↓↓↓
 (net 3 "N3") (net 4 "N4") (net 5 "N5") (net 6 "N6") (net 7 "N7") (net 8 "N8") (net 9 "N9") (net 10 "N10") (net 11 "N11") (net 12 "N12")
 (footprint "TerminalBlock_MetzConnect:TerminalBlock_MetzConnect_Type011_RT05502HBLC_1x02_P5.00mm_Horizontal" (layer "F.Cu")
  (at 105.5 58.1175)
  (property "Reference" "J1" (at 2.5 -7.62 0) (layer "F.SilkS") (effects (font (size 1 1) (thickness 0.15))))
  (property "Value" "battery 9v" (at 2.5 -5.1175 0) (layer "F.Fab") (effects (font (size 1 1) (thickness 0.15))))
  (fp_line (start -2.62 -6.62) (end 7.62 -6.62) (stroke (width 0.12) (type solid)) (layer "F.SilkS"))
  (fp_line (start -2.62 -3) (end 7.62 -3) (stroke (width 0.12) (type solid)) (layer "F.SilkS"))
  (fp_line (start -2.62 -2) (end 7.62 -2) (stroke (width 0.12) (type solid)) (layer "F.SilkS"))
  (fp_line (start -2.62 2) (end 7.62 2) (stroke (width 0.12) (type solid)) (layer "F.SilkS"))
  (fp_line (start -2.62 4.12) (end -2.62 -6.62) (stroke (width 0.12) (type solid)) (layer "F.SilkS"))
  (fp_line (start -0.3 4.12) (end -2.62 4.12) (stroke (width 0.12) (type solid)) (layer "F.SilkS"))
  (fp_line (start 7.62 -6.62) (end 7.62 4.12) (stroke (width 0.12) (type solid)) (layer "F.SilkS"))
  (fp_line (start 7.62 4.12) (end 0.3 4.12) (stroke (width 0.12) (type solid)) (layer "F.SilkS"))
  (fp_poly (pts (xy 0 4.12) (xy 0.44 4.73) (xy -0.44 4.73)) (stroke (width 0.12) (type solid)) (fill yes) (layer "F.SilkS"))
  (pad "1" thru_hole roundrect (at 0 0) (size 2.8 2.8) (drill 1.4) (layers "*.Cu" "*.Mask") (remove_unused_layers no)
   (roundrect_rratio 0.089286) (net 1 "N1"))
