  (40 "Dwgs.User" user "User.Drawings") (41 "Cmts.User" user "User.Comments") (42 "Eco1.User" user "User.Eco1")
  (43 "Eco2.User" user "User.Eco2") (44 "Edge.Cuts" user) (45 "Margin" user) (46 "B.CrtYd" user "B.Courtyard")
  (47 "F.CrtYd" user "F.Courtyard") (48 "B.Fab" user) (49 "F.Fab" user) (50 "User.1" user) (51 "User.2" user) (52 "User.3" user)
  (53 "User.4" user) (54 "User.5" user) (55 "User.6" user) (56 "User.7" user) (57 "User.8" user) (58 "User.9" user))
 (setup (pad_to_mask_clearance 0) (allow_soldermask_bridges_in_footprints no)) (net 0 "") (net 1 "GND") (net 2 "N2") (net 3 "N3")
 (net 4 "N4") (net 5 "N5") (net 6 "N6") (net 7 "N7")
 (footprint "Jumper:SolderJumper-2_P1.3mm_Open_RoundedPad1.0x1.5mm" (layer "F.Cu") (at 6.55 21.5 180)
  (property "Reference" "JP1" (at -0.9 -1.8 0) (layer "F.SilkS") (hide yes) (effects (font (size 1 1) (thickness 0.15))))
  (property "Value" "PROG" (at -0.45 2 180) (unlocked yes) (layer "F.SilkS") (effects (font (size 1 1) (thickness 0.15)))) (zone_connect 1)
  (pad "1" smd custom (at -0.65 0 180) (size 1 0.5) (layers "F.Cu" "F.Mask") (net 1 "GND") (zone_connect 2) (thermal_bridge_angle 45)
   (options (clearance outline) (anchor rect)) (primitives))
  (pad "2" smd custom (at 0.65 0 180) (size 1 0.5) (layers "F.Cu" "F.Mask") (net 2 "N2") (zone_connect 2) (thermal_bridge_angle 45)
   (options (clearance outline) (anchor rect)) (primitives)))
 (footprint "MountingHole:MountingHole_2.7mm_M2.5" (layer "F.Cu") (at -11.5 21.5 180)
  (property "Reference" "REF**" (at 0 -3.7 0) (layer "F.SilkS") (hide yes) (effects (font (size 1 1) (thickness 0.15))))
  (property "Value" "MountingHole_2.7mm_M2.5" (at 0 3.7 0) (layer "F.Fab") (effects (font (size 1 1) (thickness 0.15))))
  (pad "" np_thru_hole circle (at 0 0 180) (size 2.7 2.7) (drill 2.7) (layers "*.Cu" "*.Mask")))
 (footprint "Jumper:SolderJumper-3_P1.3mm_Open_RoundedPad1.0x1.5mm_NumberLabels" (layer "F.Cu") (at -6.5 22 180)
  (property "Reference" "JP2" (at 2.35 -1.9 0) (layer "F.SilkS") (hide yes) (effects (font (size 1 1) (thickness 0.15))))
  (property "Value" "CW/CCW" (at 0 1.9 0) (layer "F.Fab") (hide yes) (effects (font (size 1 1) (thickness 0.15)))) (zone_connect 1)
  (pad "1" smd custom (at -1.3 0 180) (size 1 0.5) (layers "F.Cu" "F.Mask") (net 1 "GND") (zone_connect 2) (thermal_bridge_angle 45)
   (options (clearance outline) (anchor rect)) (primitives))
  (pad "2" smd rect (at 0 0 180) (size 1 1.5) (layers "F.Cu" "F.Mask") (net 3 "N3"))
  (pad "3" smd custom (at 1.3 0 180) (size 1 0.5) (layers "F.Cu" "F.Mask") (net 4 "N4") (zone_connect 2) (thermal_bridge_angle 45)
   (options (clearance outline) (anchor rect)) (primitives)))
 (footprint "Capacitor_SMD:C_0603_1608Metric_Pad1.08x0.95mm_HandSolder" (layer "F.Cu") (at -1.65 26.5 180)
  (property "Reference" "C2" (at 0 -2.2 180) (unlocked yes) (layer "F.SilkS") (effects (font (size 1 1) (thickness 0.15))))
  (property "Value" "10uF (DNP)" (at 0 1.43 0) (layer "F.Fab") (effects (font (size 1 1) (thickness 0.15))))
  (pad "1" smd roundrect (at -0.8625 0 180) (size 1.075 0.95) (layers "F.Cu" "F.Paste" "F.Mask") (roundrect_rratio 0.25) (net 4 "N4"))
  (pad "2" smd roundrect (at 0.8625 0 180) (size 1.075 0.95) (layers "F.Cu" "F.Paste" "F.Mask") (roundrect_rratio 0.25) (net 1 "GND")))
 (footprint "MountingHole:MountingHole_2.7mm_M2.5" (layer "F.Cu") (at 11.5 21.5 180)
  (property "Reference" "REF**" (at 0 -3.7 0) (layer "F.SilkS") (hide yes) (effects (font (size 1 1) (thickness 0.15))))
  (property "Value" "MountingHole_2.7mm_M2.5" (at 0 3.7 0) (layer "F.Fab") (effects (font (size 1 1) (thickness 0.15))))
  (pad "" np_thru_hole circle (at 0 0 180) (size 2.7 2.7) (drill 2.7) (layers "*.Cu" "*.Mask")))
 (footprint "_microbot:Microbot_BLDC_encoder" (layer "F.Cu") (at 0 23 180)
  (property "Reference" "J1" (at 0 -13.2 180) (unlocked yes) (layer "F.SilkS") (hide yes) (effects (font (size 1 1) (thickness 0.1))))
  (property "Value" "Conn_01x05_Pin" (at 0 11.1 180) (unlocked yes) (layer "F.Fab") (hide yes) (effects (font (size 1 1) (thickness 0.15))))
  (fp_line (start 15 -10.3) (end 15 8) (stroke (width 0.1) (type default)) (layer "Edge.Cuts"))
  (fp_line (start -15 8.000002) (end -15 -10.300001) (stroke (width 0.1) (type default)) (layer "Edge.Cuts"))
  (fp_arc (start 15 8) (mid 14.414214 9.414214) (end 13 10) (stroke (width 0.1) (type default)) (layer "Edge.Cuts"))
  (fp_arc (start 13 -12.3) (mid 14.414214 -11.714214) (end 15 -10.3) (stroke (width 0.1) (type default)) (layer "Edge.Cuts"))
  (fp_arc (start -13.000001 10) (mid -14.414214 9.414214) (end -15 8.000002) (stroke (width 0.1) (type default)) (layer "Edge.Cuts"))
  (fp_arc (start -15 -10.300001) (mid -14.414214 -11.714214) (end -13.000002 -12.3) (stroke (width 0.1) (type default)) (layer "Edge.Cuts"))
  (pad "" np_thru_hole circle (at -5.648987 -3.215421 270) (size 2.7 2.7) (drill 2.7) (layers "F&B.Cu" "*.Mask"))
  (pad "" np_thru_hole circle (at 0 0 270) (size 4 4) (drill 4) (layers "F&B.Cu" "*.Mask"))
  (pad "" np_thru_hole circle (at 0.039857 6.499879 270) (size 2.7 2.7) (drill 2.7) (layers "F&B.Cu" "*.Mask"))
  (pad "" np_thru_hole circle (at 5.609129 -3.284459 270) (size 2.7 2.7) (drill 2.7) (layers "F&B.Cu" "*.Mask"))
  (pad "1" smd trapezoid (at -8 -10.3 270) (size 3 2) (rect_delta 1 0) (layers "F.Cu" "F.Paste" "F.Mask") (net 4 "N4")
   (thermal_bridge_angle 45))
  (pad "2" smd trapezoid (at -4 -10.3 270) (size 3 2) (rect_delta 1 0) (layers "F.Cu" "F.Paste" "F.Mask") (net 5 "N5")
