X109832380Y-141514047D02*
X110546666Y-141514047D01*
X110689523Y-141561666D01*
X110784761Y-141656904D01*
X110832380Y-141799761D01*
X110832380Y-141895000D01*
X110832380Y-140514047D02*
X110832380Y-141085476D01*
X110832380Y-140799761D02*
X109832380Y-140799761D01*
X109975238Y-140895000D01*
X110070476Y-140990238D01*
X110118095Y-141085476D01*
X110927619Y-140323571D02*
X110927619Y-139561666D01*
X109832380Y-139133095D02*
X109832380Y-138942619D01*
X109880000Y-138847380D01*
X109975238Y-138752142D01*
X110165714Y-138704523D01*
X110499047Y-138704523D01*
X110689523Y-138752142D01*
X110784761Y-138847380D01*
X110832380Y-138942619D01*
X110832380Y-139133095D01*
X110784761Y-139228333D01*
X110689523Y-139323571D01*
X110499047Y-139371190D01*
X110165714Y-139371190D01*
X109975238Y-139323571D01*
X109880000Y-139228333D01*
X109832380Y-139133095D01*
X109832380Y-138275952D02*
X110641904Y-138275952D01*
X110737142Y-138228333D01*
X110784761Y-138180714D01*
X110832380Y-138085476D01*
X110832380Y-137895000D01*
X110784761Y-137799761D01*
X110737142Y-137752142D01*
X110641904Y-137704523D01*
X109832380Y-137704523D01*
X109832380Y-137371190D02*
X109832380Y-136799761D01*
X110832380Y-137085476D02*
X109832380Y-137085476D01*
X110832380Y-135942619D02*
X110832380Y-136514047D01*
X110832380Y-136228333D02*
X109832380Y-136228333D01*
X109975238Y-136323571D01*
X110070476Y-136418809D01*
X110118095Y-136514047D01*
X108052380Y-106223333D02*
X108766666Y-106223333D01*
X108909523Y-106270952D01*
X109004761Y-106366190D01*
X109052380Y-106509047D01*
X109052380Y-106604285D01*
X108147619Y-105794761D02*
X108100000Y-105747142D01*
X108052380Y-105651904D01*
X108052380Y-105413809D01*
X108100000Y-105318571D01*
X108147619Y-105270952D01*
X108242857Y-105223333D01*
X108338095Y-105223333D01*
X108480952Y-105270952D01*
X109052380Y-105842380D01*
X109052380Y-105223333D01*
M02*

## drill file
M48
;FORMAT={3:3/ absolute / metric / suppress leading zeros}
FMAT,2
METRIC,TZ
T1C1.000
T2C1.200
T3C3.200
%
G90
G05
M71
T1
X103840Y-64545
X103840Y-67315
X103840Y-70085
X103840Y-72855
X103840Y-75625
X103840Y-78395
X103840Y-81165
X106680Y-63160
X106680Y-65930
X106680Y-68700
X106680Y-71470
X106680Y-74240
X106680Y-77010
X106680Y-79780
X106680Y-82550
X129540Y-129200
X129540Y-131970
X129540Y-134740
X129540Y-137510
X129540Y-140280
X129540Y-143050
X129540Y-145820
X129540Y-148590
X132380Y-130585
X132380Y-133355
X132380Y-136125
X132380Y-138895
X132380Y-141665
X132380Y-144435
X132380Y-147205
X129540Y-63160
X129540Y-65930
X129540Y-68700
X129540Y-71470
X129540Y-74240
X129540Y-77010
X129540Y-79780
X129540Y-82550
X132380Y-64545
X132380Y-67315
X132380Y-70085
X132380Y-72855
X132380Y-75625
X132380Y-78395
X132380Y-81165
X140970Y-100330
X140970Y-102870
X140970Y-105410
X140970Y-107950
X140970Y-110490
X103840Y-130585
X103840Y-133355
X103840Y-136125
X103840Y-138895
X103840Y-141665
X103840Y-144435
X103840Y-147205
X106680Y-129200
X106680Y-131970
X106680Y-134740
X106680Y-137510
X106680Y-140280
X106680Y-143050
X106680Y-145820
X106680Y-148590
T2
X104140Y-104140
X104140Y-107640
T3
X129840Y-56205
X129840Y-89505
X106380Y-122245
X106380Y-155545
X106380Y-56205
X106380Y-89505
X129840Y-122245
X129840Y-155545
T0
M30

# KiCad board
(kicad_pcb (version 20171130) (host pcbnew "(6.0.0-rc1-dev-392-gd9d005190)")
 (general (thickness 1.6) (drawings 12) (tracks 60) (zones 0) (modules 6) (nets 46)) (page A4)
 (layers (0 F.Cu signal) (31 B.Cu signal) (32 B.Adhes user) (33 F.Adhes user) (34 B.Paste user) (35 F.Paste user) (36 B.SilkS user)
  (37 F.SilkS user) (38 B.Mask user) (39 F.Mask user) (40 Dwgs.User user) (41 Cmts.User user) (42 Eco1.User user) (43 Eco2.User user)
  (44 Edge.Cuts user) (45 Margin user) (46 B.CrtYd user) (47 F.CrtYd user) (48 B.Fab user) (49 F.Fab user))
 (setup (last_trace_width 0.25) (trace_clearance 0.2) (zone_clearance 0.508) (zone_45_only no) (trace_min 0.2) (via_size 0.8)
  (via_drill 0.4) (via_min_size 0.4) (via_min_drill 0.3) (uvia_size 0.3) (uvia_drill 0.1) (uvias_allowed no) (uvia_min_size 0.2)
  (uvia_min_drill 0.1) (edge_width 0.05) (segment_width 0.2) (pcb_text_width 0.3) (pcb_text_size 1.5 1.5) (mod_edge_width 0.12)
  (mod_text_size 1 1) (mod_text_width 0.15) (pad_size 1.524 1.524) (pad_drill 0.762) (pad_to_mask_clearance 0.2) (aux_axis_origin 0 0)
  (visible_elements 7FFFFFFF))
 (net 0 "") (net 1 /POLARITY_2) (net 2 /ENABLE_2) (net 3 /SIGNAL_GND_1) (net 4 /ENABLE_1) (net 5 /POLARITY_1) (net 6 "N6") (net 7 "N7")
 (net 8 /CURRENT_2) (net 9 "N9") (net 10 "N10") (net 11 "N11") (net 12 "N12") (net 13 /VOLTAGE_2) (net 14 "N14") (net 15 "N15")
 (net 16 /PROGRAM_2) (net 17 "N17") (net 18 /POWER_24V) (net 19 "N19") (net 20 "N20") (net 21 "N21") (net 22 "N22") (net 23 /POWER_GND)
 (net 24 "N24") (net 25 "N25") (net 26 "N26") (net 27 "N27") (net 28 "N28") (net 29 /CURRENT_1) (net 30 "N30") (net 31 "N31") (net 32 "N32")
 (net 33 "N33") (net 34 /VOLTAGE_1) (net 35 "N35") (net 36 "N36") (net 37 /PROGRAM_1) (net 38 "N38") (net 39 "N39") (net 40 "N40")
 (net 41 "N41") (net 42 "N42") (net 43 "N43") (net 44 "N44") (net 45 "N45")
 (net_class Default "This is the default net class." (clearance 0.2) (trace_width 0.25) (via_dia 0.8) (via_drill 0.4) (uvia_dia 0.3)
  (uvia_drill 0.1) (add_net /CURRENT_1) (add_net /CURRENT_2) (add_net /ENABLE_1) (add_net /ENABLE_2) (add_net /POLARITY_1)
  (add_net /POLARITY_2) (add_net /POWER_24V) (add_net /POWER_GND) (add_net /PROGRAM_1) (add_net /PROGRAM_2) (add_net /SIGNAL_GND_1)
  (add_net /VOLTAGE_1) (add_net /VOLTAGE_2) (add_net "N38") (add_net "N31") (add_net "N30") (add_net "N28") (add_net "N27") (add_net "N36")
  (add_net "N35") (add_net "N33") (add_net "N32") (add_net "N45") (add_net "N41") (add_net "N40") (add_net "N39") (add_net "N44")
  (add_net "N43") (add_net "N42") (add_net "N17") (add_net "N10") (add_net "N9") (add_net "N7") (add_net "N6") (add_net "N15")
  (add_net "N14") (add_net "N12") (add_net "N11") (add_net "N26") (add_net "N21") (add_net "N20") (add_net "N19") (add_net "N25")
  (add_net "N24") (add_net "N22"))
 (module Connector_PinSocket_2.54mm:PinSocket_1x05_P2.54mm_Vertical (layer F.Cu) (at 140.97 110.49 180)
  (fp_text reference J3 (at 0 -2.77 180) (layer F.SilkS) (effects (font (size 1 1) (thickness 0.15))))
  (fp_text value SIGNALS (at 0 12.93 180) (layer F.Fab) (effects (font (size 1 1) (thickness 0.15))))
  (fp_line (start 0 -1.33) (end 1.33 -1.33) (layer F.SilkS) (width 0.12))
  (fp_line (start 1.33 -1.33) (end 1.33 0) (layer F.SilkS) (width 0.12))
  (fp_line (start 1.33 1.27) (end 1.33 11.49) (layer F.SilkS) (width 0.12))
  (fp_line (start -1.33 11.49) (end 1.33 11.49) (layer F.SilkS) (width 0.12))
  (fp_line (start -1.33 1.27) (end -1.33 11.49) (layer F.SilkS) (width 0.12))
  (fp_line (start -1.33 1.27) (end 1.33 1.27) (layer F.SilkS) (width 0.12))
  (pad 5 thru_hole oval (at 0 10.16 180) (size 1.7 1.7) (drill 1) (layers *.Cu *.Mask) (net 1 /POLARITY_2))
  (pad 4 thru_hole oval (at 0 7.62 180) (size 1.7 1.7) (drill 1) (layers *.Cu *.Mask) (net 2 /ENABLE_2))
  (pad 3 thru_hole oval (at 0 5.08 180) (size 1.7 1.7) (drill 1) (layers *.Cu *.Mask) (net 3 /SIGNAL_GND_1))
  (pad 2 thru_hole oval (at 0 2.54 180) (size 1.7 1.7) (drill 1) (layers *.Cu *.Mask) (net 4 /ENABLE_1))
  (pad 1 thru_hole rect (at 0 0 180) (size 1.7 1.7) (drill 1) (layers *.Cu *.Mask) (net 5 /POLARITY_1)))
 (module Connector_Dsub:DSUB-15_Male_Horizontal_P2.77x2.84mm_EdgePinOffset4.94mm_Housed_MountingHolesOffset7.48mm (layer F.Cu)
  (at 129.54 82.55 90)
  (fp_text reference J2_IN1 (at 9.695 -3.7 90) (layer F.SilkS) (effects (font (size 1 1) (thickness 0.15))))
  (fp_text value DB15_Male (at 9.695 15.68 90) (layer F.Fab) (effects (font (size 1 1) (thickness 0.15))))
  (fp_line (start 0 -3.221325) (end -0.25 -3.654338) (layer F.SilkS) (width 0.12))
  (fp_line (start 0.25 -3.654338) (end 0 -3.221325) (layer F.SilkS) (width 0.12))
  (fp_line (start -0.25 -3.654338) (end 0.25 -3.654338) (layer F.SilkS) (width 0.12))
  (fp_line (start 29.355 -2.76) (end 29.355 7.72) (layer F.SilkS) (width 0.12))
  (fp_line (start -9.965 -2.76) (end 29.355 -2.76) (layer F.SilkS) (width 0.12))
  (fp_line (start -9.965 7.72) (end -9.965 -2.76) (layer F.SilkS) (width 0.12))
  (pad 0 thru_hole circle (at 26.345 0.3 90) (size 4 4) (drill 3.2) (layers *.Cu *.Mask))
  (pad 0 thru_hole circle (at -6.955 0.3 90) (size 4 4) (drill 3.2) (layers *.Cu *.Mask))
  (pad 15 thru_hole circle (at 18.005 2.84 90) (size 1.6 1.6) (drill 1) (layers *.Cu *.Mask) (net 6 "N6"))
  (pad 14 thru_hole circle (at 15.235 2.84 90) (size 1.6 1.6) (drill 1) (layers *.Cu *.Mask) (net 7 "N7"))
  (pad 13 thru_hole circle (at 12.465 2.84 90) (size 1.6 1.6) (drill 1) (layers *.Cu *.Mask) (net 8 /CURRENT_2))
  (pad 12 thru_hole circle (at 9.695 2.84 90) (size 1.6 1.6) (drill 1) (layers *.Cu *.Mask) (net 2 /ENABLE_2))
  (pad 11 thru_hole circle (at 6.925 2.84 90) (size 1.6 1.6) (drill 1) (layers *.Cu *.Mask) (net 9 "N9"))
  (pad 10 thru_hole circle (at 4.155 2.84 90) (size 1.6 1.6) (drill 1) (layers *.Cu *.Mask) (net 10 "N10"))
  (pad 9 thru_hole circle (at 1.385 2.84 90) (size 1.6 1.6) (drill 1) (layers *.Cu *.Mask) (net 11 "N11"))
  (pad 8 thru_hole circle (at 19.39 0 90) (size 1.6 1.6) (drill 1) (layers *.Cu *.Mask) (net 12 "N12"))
↑↑↑
» Work item: Quote every line from the beginning of the entries up to and including the line that contains "(at 2.5 -7.62".

» Response:
 (net 3 "N3") (net 4 "N4") (net 5 "N5") (net 6 "N6") (net 7 "N7") (net 8 "N8") (net 9 "N9") (net 10 "N10") (net 11 "N11") (net 12 "N12")
 (footprint "TerminalBlock_MetzConnect:TerminalBlock_MetzConnect_Type011_RT05502HBLC_1x02_P5.00mm_Horizontal" (layer "F.Cu")
  (at 105.5 58.1175)
  (property "Reference" "J1" (at 2.5 -7.62 0) (layer "F.SilkS") (effects (font (size 1 1) (thickness 0.15))))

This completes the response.